SETLT and SETLE should not be in this list, because they have a 1-1 mapping with instructions.
Most of the other nodes need expanding into two nodes (one for ordered/unordered and one for LE/LT), with SETO need expanding to not(unordered).

It would also be nice if these changes could be moved to a separate patch.

1668–1676

These actions are unrelated to VT as passed into the function, so they can be moved out of this function.

3785

It would be nice if you could split up your patch such that each such a code change, lives in its own patch with a set of corresponding tests.
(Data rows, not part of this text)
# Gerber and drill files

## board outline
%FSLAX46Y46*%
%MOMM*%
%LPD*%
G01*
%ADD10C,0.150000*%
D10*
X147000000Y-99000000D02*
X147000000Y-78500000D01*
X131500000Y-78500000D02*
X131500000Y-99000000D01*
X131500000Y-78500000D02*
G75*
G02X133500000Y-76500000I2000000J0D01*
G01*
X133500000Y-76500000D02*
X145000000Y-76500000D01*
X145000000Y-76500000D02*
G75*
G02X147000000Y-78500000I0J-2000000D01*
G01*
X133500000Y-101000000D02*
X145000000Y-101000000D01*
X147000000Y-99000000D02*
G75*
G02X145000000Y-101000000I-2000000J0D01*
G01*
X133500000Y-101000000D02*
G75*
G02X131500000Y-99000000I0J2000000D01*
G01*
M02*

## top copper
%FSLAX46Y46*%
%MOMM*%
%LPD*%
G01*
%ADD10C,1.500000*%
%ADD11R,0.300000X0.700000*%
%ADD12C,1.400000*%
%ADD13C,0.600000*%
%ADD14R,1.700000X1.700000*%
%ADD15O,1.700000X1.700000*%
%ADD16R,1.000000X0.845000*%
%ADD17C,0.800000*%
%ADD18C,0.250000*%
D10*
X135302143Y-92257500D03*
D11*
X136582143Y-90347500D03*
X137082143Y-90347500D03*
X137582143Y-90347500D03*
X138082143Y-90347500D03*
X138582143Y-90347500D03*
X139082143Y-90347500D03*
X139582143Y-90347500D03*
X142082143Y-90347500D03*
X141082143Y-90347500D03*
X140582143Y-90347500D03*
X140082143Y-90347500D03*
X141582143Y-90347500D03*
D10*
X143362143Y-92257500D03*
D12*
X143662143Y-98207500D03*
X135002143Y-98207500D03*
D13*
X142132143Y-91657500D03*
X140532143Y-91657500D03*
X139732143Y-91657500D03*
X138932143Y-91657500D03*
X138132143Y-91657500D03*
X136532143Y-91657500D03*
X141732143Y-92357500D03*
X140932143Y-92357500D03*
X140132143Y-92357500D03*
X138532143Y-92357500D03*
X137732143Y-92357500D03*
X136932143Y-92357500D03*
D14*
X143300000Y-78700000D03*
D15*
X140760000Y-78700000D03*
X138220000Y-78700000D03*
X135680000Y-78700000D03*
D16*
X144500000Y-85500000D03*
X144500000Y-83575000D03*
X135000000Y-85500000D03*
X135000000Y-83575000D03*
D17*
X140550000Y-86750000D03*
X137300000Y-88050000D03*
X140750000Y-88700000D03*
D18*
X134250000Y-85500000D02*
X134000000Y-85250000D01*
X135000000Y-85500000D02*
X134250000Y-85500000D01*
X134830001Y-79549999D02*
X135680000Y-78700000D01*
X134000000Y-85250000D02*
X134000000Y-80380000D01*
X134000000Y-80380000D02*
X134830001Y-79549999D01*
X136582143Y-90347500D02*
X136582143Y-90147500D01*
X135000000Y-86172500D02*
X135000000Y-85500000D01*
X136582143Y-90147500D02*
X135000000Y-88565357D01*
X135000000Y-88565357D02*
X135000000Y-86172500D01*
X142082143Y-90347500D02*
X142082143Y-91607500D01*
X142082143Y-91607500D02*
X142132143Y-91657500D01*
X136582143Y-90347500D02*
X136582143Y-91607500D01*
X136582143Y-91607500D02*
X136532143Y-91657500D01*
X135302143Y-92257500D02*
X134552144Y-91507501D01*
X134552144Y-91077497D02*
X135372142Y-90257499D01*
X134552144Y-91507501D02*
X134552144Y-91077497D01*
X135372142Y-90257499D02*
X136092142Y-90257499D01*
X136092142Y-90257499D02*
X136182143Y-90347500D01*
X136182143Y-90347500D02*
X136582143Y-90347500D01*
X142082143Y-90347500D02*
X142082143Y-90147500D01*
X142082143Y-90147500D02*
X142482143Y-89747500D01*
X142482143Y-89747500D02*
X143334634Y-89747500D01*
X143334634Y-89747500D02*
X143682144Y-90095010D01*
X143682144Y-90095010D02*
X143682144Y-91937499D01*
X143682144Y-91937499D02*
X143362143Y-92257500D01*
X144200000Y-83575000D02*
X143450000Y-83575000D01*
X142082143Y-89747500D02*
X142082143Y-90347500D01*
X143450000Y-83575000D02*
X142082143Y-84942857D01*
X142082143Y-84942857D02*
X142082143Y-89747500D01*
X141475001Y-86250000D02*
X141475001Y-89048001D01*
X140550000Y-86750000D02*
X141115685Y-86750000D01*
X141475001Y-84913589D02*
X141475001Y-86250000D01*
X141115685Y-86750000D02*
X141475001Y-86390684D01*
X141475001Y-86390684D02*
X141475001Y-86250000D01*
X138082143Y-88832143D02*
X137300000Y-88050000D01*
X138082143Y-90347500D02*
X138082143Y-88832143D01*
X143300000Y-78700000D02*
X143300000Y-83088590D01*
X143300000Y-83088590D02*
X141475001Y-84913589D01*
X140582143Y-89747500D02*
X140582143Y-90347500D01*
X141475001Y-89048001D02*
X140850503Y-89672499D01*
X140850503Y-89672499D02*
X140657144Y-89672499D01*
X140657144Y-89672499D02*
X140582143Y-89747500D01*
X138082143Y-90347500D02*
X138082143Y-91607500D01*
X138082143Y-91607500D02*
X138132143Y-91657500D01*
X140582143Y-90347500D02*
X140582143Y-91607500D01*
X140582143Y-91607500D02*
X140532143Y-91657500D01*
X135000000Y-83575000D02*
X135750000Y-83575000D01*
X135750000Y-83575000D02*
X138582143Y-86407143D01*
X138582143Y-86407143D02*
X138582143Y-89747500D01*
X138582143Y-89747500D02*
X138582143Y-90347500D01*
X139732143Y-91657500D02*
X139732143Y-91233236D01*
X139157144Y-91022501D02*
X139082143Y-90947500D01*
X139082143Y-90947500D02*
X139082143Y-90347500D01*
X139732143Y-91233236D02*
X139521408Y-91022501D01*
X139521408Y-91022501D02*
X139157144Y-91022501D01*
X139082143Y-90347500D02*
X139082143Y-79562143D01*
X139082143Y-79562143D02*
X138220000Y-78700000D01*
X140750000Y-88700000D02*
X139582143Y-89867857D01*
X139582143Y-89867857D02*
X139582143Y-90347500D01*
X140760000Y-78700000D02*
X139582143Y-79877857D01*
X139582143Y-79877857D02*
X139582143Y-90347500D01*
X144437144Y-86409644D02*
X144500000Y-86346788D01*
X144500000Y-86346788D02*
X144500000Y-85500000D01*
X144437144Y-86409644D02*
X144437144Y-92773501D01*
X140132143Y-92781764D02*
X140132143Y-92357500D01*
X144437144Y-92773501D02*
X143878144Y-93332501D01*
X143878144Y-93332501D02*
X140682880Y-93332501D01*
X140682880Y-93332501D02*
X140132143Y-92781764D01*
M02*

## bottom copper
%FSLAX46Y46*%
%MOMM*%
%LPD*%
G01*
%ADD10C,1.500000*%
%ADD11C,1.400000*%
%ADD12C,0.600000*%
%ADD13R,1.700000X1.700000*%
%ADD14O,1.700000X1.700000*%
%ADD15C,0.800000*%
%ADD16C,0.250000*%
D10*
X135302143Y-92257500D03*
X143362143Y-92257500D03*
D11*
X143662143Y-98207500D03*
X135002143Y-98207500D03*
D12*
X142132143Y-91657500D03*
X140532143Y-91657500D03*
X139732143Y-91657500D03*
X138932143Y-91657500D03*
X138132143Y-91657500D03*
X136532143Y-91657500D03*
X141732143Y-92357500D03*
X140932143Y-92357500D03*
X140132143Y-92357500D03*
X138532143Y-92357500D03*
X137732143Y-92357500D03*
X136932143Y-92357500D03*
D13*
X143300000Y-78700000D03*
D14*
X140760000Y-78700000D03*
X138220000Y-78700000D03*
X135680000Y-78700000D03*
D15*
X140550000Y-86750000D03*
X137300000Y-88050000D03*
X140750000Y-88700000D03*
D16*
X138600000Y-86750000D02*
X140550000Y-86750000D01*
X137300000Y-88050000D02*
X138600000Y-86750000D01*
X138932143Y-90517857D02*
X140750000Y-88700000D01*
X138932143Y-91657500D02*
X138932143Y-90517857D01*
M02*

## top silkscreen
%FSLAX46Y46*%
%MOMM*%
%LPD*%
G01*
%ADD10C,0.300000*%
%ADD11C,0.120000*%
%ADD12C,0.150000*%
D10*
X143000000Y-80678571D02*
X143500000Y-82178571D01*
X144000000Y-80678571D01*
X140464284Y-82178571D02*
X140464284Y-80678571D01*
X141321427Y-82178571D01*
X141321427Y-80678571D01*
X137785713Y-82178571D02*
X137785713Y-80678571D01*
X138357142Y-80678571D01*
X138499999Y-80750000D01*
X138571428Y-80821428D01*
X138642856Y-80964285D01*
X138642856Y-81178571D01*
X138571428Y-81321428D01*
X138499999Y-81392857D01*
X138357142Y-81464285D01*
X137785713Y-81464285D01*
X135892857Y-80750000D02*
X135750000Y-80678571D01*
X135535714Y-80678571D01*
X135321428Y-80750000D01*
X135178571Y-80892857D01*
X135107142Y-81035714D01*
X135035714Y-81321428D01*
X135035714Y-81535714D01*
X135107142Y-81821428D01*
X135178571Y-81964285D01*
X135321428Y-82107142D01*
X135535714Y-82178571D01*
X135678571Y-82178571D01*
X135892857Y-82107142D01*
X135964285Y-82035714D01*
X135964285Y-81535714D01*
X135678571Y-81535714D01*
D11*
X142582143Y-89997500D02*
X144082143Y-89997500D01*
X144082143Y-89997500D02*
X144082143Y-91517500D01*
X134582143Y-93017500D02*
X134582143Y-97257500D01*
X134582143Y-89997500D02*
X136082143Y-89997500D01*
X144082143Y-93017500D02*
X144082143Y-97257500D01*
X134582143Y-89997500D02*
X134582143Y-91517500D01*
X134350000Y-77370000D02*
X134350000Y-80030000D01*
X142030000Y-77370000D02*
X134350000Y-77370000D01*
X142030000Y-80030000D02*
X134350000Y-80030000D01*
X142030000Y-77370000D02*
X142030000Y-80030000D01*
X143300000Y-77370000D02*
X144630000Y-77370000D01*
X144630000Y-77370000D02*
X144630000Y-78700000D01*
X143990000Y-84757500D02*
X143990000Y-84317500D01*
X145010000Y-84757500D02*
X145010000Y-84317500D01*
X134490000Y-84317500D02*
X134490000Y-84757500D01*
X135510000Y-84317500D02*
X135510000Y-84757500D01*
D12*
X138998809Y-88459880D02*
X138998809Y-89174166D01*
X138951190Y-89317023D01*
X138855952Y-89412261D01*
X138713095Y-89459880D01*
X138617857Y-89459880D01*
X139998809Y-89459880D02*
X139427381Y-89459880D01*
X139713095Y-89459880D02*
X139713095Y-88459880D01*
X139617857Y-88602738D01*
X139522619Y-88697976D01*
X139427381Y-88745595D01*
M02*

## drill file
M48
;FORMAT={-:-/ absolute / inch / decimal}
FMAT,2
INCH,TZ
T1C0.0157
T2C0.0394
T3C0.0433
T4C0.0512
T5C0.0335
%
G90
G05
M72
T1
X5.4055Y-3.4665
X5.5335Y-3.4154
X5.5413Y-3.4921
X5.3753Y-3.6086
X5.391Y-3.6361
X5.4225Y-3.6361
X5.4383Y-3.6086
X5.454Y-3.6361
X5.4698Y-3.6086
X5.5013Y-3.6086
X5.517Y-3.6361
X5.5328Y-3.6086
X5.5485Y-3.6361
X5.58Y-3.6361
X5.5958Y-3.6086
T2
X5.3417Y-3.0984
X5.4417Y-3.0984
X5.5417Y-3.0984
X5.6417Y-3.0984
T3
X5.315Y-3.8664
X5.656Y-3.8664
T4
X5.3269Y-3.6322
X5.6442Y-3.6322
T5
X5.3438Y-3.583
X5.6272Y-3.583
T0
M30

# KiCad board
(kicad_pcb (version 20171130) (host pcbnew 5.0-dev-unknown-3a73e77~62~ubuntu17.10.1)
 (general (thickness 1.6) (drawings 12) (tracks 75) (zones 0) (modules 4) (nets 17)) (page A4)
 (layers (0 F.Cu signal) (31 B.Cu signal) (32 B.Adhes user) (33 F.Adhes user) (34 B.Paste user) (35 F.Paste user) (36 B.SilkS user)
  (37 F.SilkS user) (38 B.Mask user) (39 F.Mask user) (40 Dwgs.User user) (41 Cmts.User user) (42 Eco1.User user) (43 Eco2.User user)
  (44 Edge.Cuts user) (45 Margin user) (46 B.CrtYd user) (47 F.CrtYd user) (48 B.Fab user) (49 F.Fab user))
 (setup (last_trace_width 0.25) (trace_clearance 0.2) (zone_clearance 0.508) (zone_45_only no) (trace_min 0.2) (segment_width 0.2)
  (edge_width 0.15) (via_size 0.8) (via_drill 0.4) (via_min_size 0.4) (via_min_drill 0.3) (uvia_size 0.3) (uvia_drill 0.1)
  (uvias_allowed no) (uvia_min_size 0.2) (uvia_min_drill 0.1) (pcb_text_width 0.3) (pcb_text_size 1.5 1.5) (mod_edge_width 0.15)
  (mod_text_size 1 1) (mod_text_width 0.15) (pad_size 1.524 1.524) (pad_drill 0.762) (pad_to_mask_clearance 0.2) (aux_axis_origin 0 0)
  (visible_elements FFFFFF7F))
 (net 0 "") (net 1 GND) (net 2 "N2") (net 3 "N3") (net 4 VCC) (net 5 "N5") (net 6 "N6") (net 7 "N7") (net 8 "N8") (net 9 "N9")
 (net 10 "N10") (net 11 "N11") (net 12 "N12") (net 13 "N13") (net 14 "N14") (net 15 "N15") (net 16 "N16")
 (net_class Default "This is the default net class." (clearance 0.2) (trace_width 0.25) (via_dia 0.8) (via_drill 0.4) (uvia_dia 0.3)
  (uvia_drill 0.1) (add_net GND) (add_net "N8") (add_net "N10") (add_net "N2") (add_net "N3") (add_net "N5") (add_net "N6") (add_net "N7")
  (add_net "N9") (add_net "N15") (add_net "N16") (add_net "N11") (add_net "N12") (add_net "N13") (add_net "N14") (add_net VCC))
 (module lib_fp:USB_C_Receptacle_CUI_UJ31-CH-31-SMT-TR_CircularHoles (layer F.Cu) (at 139.332143 95.3675)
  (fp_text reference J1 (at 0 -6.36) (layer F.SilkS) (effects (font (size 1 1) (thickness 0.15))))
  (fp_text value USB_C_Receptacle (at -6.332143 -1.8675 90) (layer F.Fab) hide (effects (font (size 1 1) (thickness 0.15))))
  (fp_line (start 3.25 -5.37) (end 4.75 -5.37) (layer F.SilkS) (width 0.12))
  (fp_line (start 4.75 -5.37) (end 4.75 -3.85) (layer F.SilkS) (width 0.12))
  (fp_line (start -4.75 -2.35) (end -4.75 1.89) (layer F.SilkS) (width 0.12))
  (fp_line (start -4.75 -5.37) (end -3.25 -5.37) (layer F.SilkS) (width 0.12))
  (fp_line (start 4.75 -2.35) (end 4.75 1.89) (layer F.SilkS) (width 0.12))
  (fp_line (start -4.75 -5.37) (end -4.75 -3.85) (layer F.SilkS) (width 0.12))
  (pad S1 thru_hole circle (at -4.03 -3.11) (size 1.5 1.5) (drill 1.3) (layers *.Cu *.Mask) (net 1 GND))
  (pad A1 smd rect (at -2.75 -5.02) (size 0.3 0.7) (layers F.Cu F.Paste F.Mask) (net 1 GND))
  (pad A2 smd rect (at -2.25 -5.02) (size 0.3 0.7) (layers F.Cu F.Paste F.Mask) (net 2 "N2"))
  (pad A3 smd rect (at -1.75 -5.02) (size 0.3 0.7) (layers F.Cu F.Paste F.Mask) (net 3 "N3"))
  (pad A4 smd rect (at -1.25 -5.02) (size 0.3 0.7) (layers F.Cu F.Paste F.Mask) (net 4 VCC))
  (pad A5 smd rect (at -0.75 -5.02) (size 0.3 0.7) (layers F.Cu F.Paste F.Mask) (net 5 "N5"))
  (pad A6 smd rect (at -0.25 -5.02) (size 0.3 0.7) (layers F.Cu F.Paste F.Mask) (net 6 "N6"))
  (pad A7 smd rect (at 0.25 -5.02) (size 0.3 0.7) (layers F.Cu F.Paste F.Mask) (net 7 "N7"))
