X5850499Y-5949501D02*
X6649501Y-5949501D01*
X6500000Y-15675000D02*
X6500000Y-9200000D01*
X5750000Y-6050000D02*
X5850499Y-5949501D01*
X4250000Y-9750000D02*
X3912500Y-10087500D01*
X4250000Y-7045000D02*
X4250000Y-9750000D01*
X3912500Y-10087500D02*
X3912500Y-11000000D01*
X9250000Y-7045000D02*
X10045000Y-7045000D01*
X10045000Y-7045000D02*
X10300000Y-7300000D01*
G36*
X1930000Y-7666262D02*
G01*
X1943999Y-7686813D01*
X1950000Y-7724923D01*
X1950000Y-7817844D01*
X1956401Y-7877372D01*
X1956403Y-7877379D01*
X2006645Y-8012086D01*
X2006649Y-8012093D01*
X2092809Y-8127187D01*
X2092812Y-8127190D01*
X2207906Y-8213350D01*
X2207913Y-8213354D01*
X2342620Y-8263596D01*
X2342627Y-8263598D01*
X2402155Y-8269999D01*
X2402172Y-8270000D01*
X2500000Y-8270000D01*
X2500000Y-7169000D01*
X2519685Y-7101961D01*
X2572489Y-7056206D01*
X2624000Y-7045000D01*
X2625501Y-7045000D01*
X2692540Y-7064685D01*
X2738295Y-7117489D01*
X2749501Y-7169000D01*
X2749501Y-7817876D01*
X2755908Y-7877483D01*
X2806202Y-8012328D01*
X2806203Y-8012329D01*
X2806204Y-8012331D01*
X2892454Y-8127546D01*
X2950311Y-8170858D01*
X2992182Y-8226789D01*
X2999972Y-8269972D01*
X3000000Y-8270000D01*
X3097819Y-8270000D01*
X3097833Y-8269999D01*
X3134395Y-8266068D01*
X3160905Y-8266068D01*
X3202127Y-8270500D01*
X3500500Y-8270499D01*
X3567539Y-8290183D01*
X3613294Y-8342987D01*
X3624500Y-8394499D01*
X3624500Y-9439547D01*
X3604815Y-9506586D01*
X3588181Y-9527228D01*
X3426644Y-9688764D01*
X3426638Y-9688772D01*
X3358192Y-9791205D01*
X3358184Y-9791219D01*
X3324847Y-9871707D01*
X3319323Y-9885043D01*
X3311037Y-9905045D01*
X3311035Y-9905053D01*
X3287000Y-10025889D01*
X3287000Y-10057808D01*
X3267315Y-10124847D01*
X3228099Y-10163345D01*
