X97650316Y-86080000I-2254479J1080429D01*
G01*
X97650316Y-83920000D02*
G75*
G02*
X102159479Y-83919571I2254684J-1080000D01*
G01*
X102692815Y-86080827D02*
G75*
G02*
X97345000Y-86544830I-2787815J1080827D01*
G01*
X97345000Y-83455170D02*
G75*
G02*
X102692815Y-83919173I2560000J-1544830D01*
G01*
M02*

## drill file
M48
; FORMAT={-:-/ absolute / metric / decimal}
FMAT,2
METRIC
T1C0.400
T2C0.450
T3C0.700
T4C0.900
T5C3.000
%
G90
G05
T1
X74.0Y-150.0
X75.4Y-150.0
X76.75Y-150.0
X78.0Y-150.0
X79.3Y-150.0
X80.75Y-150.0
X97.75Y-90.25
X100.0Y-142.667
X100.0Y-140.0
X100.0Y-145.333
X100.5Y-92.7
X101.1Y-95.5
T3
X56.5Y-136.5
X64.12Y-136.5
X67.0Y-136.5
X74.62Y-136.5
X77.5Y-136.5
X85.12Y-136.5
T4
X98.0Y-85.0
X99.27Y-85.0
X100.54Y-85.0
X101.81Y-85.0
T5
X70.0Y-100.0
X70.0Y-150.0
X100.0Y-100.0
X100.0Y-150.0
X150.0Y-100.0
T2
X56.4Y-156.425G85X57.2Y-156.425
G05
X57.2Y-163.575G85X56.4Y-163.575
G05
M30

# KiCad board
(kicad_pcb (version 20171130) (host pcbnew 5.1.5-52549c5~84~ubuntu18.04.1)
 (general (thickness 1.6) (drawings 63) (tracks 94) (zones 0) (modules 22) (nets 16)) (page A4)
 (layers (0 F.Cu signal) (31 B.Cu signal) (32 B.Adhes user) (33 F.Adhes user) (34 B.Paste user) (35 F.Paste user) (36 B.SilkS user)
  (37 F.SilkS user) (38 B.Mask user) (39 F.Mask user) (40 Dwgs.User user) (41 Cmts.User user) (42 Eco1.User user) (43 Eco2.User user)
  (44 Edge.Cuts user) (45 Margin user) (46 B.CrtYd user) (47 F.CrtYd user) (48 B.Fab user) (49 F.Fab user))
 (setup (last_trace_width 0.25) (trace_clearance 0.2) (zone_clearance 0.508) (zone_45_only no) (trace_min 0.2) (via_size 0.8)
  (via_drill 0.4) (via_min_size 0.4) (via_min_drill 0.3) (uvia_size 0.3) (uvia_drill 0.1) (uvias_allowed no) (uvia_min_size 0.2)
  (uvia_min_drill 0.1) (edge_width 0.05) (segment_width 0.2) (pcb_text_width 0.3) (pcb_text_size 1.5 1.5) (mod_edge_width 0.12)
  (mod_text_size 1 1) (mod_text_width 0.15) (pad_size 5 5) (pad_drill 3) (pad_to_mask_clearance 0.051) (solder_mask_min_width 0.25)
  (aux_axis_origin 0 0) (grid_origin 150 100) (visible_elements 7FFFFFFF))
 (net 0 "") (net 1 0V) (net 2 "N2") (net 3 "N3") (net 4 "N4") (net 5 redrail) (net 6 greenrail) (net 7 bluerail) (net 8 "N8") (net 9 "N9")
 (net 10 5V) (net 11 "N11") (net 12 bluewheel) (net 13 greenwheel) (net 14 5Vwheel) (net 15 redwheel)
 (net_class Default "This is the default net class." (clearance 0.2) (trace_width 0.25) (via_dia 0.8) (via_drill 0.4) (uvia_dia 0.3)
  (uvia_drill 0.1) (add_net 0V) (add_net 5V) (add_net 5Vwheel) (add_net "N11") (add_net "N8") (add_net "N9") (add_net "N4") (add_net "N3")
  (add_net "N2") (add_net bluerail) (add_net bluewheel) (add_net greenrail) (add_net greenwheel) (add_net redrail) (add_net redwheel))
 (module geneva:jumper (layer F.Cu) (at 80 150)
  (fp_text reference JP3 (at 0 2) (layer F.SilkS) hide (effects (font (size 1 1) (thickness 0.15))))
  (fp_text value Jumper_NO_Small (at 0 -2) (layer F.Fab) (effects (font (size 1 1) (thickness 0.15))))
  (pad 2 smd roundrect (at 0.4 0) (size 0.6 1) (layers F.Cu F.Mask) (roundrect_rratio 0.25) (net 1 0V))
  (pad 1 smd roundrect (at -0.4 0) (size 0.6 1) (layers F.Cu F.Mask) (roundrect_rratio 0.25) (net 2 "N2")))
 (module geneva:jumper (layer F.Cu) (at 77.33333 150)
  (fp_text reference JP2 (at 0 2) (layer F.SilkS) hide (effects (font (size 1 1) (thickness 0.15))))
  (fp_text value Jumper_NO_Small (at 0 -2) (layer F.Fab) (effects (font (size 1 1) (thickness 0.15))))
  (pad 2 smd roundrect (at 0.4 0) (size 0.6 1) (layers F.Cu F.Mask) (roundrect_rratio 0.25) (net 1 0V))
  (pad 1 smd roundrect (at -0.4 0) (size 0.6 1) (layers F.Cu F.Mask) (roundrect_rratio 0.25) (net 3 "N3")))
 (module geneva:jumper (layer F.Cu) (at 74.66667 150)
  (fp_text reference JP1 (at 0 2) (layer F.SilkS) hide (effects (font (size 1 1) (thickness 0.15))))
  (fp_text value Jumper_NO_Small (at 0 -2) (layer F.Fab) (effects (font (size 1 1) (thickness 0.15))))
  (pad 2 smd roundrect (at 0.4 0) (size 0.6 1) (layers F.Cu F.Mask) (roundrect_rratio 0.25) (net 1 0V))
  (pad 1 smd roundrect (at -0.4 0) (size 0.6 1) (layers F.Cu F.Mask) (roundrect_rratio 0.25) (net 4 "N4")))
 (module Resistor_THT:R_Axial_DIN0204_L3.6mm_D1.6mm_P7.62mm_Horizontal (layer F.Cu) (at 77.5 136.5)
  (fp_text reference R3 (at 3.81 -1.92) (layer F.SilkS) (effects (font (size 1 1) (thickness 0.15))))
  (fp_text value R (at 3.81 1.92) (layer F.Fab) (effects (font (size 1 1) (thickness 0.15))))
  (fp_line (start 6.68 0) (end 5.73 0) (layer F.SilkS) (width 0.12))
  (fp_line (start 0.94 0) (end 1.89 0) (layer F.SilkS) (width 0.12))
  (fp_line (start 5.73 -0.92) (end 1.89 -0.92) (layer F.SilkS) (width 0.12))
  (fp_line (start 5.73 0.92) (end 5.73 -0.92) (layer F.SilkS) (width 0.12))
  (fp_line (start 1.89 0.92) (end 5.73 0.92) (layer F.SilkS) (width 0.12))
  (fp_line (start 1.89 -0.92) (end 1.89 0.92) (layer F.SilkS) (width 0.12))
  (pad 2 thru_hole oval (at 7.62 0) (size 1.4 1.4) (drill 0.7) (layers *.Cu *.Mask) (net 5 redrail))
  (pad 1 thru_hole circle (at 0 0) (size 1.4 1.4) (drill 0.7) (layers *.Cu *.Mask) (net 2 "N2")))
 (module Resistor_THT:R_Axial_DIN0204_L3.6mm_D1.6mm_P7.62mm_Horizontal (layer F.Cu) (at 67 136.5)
That makes the patch a bit more manageable to review.

12632

Please move this change and corresponding tests to a separate patch.

12894

This can actually be simplified to:

bool OverrideNEON = Subtarget->forceStreamingCompatibleSVE() ||
                    (Subtarget->useSVEForFixedLengthVectors() &&
                     (Op.getOpcode() == ISD::VECREDUCE_AND ||
                      Op.getOpcode() == ISD::VECREDUCE_OR ||
                      Op.getOpcode() == ISD::VECREDUCE_XOR ||
                      Op.getOpcode() == ISD::VECREDUCE_FADD ||
                      (Op.getOpcode() != ISD::VECREDUCE_ADD &&
                       SrcVT.getVectorElementType() == MVT::i64)));
if (SrcVT.isScalableVector() ||
    useSVEForFixedLengthVectorVT(SrcVT, OverrideNEON)) {

It would be nice if you could move this change, the changes in addTypeForStreamingSVE and corresponding reduction tests to a separate patch.

13911

Rather than adding this condition here, you can add the condition to isLegalInterleavedAccessType like this:

-  if (Subtarget->useSVEForFixedLengthVectors() &&
-      (VecSize % Subtarget->getMinSVEVectorSizeInBits() == 0 ||
-       (VecSize < Subtarget->getMinSVEVectorSizeInBits() &&
-        isPowerOf2_32(NumElements) && VecSize > 128))) {
+  if (Subtarget->forceStreamingCompatibleSVE() ||
+      (Subtarget->useSVEForFixedLengthVectors() &&
+       (VecSize % Subtarget->getMinSVEVectorSizeInBits() == 0 ||
+        (VecSize < Subtarget->getMinSVEVectorSizeInBits() &&
+         isPowerOf2_32(NumElements) && VecSize > 128)))) {

When you add vscale_range(1,16) to the attributes of the test file, you will get the code you expect.

llvm/lib/Target/AArch64/AArch64InstrInfo.cpp
3656–3660

Can you move this change to a separate patch and test it with something very simple, such as:

define fp128 @test_streaming_compatible_register_mov(fp128 %q0, fp128 %q1) {
; CHECK-LABEL: test_streaming_compatible_register_mov:
; CHECK:       // %bb.0:
; CHECK-NEXT:    mov     z0.d, z1.d
; CHECK-NEXT:    ret
  ret fp128 %y
}
llvm/test/CodeGen/AArch64/-streaming-mode-fixed-length-fp-arith.ll
1 ↗(On Diff #475442)

The name of this file is incorrect, it should start with sve- instead of -

llvm/test/CodeGen/AArch64/sve-streaming-mode-fixed-length-ld2-alloca.ll
20 ↗(On Diff #475442)

This test seems broken, because it's not using the result %strided.vec from the shufflevector, which as we can see from the assembly causes the load + shuffle to be removed entirely.

I've fixed sve-fixed-ld2-alloca.ll in c2600244fc14, can you update this test accordingly?

hassnaa-arm marked 6 inline comments as done.

fix broken ld2-alloca.ll test

[NFC] rearrange lines

Update by main branch

Update by parent patch

Remove testing files that use masked gather/scatter

Update by latest changes in main branch

Remove redundant condition in AArch64TargetTransformInfo.h

sdesmalen requested changes to this revision.Dec 1 2022, 7:57 AM

It seems this patch can be abandoned now.

This revision now requires changes to proceed.Dec 1 2022, 7:57 AM
hassnaa-arm abandoned this revision.Feb 6 2023, 11:47 AM

This patch was split into smaller patches.